What you need to do. The lines from the start of the data up to and including the one with "X143664000Y-108341600D02*" should be returned exactly, and nothing else.

*** Opening of Available records ***

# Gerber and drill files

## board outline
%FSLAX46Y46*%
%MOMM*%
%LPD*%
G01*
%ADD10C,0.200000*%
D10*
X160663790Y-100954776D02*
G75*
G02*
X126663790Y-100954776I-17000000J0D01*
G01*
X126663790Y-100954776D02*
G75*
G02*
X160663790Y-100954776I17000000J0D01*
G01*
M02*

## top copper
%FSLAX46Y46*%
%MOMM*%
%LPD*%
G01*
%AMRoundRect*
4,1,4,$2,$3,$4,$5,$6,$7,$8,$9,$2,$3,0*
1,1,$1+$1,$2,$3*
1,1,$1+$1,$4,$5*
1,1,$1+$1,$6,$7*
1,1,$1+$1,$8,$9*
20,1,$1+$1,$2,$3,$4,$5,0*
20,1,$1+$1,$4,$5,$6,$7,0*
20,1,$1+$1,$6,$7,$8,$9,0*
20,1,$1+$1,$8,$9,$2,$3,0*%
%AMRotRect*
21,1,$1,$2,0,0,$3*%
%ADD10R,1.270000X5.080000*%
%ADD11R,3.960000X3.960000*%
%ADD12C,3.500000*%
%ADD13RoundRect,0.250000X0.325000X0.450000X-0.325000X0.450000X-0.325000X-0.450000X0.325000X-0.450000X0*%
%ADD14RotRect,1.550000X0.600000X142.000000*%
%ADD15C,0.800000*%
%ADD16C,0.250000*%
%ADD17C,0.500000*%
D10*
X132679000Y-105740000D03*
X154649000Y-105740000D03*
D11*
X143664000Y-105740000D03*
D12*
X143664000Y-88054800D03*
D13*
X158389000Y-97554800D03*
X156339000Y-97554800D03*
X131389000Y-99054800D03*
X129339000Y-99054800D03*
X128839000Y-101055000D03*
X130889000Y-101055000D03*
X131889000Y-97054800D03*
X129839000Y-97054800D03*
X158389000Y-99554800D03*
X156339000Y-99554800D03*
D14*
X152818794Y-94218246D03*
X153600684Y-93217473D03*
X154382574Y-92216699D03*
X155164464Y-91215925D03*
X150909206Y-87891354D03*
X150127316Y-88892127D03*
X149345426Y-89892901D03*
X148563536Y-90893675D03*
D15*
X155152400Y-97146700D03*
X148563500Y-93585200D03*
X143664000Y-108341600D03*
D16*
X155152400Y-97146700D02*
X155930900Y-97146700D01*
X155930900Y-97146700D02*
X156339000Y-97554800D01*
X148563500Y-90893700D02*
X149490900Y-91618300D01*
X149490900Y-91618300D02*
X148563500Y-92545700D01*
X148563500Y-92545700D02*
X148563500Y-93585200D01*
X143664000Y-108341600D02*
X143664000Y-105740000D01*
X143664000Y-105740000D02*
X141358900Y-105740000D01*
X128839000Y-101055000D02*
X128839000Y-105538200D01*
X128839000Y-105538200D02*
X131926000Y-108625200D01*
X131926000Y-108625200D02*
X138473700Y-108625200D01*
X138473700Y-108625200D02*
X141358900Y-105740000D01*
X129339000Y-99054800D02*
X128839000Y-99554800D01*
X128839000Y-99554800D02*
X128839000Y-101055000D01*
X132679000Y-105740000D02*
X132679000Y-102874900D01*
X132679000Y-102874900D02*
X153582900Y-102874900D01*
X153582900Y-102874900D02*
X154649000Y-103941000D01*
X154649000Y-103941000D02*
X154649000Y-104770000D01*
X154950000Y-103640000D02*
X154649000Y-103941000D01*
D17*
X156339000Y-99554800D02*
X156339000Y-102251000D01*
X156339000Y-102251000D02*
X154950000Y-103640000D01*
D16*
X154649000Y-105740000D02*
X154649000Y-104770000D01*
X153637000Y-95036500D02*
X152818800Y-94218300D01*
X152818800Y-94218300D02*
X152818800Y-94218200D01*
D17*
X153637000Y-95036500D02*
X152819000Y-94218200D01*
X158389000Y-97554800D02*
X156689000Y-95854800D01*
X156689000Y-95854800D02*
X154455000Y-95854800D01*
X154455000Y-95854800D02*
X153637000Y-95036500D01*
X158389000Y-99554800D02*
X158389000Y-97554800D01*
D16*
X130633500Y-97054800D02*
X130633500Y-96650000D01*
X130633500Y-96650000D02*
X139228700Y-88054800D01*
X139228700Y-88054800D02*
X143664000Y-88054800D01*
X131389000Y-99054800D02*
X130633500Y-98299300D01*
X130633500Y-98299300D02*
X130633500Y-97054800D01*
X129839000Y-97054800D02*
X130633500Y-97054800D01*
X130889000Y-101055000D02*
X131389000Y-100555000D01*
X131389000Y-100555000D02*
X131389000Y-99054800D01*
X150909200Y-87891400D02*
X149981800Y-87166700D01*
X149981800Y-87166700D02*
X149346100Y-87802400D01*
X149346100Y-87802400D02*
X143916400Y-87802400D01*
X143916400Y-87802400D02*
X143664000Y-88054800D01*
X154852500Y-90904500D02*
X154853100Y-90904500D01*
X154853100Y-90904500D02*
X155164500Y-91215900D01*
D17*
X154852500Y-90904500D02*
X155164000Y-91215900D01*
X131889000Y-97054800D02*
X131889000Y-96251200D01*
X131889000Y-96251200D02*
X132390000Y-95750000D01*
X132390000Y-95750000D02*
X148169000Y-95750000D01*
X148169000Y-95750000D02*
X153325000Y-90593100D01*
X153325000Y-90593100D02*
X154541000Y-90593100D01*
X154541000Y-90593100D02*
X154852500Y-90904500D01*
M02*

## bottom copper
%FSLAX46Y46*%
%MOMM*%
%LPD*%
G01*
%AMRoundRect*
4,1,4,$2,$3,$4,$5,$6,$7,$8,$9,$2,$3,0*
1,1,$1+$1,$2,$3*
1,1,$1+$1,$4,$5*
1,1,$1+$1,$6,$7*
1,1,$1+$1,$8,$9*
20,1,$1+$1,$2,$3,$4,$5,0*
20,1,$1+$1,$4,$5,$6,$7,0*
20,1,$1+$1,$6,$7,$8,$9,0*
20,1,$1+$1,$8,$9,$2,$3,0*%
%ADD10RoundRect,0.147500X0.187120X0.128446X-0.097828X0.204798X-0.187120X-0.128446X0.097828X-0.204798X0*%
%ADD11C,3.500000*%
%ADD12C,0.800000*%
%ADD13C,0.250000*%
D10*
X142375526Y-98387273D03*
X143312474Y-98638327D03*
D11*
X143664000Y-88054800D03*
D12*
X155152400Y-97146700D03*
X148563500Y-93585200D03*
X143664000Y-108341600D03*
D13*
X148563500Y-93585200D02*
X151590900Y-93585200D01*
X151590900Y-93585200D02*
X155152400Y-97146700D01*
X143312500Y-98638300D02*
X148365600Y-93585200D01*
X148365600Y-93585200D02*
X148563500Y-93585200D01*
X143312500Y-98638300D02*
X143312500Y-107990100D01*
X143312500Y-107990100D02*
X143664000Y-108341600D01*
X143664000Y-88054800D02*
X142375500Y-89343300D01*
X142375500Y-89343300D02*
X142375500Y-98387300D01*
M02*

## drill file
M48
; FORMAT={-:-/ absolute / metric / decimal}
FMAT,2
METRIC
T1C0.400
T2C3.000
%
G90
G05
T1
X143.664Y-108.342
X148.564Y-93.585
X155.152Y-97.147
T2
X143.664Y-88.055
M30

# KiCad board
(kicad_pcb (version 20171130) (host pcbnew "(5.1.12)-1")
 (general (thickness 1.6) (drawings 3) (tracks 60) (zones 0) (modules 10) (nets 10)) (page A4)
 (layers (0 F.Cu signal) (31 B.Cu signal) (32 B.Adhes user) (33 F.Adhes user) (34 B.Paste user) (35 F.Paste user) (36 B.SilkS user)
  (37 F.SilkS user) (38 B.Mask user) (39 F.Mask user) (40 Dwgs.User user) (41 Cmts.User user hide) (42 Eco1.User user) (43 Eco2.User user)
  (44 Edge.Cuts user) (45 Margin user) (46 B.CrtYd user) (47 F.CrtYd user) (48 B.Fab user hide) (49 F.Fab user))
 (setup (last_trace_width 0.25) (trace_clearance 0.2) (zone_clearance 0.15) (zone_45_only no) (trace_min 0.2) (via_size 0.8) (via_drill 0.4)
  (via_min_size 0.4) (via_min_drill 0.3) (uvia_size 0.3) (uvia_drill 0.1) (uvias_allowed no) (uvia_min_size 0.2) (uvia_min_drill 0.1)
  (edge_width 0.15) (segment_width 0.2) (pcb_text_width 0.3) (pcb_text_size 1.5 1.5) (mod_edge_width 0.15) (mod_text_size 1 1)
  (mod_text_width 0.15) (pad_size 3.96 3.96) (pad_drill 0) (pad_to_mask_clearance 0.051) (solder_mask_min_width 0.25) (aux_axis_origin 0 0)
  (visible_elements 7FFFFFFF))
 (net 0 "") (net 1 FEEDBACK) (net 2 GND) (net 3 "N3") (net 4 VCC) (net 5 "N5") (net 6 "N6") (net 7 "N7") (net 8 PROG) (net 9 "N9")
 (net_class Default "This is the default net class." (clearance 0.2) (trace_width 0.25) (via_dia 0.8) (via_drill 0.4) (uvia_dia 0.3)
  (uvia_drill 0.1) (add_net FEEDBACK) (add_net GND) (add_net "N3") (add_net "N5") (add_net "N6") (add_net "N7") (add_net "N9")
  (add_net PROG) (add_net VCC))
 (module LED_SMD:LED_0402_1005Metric (layer B.Cu) (at 142.844 98.5128 165)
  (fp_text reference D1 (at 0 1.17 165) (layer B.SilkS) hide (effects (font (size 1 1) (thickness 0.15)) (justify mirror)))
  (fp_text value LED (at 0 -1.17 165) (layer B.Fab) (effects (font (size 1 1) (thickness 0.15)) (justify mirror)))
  (pad 2 smd roundrect (at 0.485 0 165) (size 0.59 0.64) (layers B.Cu B.Paste B.Mask) (roundrect_rratio 0.25) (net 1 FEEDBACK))
  (pad 1 smd roundrect (at -0.485 0 165) (size 0.59 0.64) (layers B.Cu B.Paste B.Mask) (roundrect_rratio 0.25) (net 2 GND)))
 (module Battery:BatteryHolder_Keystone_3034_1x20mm (layer F.Cu) (at 143.664 105.74)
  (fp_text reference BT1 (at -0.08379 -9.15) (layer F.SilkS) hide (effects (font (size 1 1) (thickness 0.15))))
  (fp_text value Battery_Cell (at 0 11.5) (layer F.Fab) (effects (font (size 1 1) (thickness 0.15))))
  (pad 1 smd rect (at -10.985 0) (size 1.27 5.08) (layers F.Cu F.Paste F.Mask) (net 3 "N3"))
  (pad 1 smd rect (at 10.985 0) (size 1.27 5.08) (layers F.Cu F.Paste F.Mask) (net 3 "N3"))
  (pad 2 smd rect (at 0 0) (size 3.96 3.96) (layers F.Cu F.Paste F.Mask) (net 2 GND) (zone_connect 2)))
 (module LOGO (layer B.Cu) (at 144.12 102.37 180)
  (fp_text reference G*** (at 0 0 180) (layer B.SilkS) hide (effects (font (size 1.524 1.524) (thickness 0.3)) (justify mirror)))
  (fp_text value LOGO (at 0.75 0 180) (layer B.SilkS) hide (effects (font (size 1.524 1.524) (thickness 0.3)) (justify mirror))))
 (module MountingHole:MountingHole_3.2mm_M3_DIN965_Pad (layer B.Cu) (at 143.664 88.0548 180)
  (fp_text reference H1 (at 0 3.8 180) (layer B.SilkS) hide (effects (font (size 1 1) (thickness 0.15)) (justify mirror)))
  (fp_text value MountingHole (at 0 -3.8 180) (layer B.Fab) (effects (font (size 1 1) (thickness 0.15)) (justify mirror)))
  (pad 1 thru_hole circle (at 0 0 180) (size 3.5 3.5) (drill 3) (layers *.Cu *.Mask) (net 1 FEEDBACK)))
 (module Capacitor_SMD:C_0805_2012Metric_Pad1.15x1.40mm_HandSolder (layer F.Cu) (at 157.364 97.5548 180)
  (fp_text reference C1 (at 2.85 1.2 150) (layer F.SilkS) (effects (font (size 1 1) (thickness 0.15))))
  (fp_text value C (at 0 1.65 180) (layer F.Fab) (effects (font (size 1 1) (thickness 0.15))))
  (pad 1 smd roundrect (at -1.025 0 180) (size 1.15 1.4) (layers F.Cu F.Paste F.Mask) (roundrect_rratio 0.217391) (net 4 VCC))
  (pad 2 smd roundrect (at 1.025 0 180) (size 1.15 1.4) (layers F.Cu F.Paste F.Mask) (roundrect_rratio 0.217391) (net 2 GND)))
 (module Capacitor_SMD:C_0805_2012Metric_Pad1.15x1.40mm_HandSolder (layer F.Cu) (at 130.364 99.0548 180)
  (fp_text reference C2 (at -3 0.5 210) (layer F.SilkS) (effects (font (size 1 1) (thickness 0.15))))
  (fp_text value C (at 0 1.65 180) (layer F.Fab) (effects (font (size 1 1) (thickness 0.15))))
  (pad 1 smd roundrect (at -1.025 0 180) (size 1.15 1.4) (layers F.Cu F.Paste F.Mask) (roundrect_rratio 0.217391) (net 1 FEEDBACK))
  (pad 2 smd roundrect (at 1.025 0 180) (size 1.15 1.4) (layers F.Cu F.Paste F.Mask) (roundrect_rratio 0.217391) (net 2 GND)))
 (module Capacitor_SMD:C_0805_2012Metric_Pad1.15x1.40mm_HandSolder (layer F.Cu) (at 129.864 101.055 180)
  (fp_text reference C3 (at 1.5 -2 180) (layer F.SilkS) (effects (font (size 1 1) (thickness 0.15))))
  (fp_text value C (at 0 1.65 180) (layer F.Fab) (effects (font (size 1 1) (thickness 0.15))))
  (pad 2 smd roundrect (at 1.025 0 180) (size 1.15 1.4) (layers F.Cu F.Paste F.Mask) (roundrect_rratio 0.217391) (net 2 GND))
  (pad 1 smd roundrect (at -1.025 0 180) (size 1.15 1.4) (layers F.Cu F.Paste F.Mask) (roundrect_rratio 0.217391) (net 1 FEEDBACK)))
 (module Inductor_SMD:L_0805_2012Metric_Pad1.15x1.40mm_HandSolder (layer F.Cu) (at 130.864 97.0548 180)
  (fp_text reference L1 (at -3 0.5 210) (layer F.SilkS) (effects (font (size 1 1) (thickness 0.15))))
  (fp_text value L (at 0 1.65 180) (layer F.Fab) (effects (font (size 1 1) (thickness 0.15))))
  (pad 1 smd roundrect (at -1.025 0 180) (size 1.15 1.4) (layers F.Cu F.Paste F.Mask) (roundrect_rratio 0.217391) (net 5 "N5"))
  (pad 2 smd roundrect (at 1.025 0 180) (size 1.15 1.4) (layers F.Cu F.Paste F.Mask) (roundrect_rratio 0.217391) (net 1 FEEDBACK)))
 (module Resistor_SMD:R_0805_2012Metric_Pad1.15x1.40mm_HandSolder (layer F.Cu) (at 157.364 99.5548 180)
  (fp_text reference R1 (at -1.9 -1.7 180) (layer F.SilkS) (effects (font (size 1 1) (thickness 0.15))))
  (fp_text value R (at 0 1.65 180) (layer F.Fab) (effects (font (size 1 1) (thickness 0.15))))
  (pad 1 smd roundrect (at -1.025 0 180) (size 1.15 1.4) (layers F.Cu F.Paste F.Mask) (roundrect_rratio 0.217391) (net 4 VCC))
  (pad 2 smd roundrect (at 1.025 0 180) (size 1.15 1.4) (layers F.Cu F.Paste F.Mask) (roundrect_rratio 0.217391) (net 3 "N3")))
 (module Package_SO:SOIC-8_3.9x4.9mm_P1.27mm (layer F.Cu) (at 151.864 91.0548 142)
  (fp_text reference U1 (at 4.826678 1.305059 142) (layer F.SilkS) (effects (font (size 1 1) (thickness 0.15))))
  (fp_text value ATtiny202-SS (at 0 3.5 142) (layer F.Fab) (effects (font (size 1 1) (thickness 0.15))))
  (pad 1 smd rect (at -2.7 -1.905 142) (size 1.55 0.6) (layers F.Cu F.Paste F.Mask) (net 4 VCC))
  (pad 2 smd rect (at -2.7 -0.635 142) (size 1.55 0.6) (layers F.Cu F.Paste F.Mask) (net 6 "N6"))
  (pad 3 smd rect (at -2.7 0.635 142) (size 1.55 0.6) (layers F.Cu F.Paste F.Mask) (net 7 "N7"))
  (pad 4 smd rect (at -2.7 1.905 142) (size 1.55 0.6) (layers F.Cu F.Paste F.Mask) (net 5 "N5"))
  (pad 5 smd rect (at 2.7 1.905 142) (size 1.55 0.6) (layers F.Cu F.Paste F.Mask) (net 1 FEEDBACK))
  (pad 6 smd rect (at 2.7 0.635 142) (size 1.55 0.6) (layers F.Cu F.Paste F.Mask) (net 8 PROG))
  (pad 7 smd rect (at 2.7 -0.635 142) (size 1.55 0.6) (layers F.Cu F.Paste F.Mask) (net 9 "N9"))
  (pad 8 smd rect (at 2.7 -1.905 142) (size 1.55 0.6) (layers F.Cu F.Paste F.Mask) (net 2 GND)))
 (gr_circle (center 143.66379 100.954776) (end 126.66379 100.954776) (layer Edge.Cuts) (width 0.2))
 (segment (start 155.1524 97.1467) (end 155.9309 97.1467) (width 0.25) (layer F.Cu) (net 2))
 (segment (start 155.9309 97.1467) (end 156.339 97.5548) (width 0.25) (layer F.Cu) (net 2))
 (segment (start 148.5635 93.5852) (end 151.5909 93.5852) (width 0.25) (layer B.Cu) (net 2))
 (segment (start 151.5909 93.5852) (end 155.1524 97.1467) (width 0.25) (layer B.Cu) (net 2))
 (segment (start 143.3125 98.6383) (end 148.3656 93.5852) (width 0.25) (layer B.Cu) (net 2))
 (segment (start 148.3656 93.5852) (end 148.5635 93.5852) (width 0.25) (layer B.Cu) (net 2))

*** Close of Available records ***

Response.
# Gerber and drill files

## board outline
%FSLAX46Y46*%
%MOMM*%
%LPD*%
G01*
%ADD10C,0.200000*%
D10*
X160663790Y-100954776D02*
G75*
G02*
X126663790Y-100954776I-17000000J0D01*
G01*
X126663790Y-100954776D02*
G75*
G02*
X160663790Y-100954776I17000000J0D01*
G01*
M02*

## top copper
%FSLAX46Y46*%
%MOMM*%
%LPD*%
G01*
%AMRoundRect*
4,1,4,$2,$3,$4,$5,$6,$7,$8,$9,$2,$3,0*
1,1,$1+$1,$2,$3*
1,1,$1+$1,$4,$5*
1,1,$1+$1,$6,$7*
1,1,$1+$1,$8,$9*
20,1,$1+$1,$2,$3,$4,$5,0*
20,1,$1+$1,$4,$5,$6,$7,0*
20,1,$1+$1,$6,$7,$8,$9,0*
20,1,$1+$1,$8,$9,$2,$3,0*%
%AMRotRect*
21,1,$1,$2,0,0,$3*%
%ADD10R,1.270000X5.080000*%
%ADD11R,3.960000X3.960000*%
%ADD12C,3.500000*%
%ADD13RoundRect,0.250000X0.325000X0.450000X-0.325000X0.450000X-0.325000X-0.450000X0.325000X-0.450000X0*%
%ADD14RotRect,1.550000X0.600000X142.000000*%
%ADD15C,0.800000*%
%ADD16C,0.250000*%
%ADD17C,0.500000*%
D10*
X132679000Y-105740000D03*
X154649000Y-105740000D03*
D11*
X143664000Y-105740000D03*
D12*
X143664000Y-88054800D03*
D13*
X158389000Y-97554800D03*
X156339000Y-97554800D03*
X131389000Y-99054800D03*
X129339000Y-99054800D03*
X128839000Y-101055000D03*
X130889000Y-101055000D03*
X131889000Y-97054800D03*
X129839000Y-97054800D03*
X158389000Y-99554800D03*
X156339000Y-99554800D03*
D14*
X152818794Y-94218246D03*
X153600684Y-93217473D03*
X154382574Y-92216699D03*
X155164464Y-91215925D03*
X150909206Y-87891354D03*
X150127316Y-88892127D03*
X149345426Y-89892901D03*
X148563536Y-90893675D03*
D15*
X155152400Y-97146700D03*
X148563500Y-93585200D03*
X143664000Y-108341600D03*
D16*
X155152400Y-97146700D02*
X155930900Y-97146700D01*
X155930900Y-97146700D02*
X156339000Y-97554800D01*
X148563500Y-90893700D02*
X149490900Y-91618300D01*
X149490900Y-91618300D02*
X148563500Y-92545700D01*
X148563500Y-92545700D02*
X148563500Y-93585200D01*
X143664000Y-108341600D02*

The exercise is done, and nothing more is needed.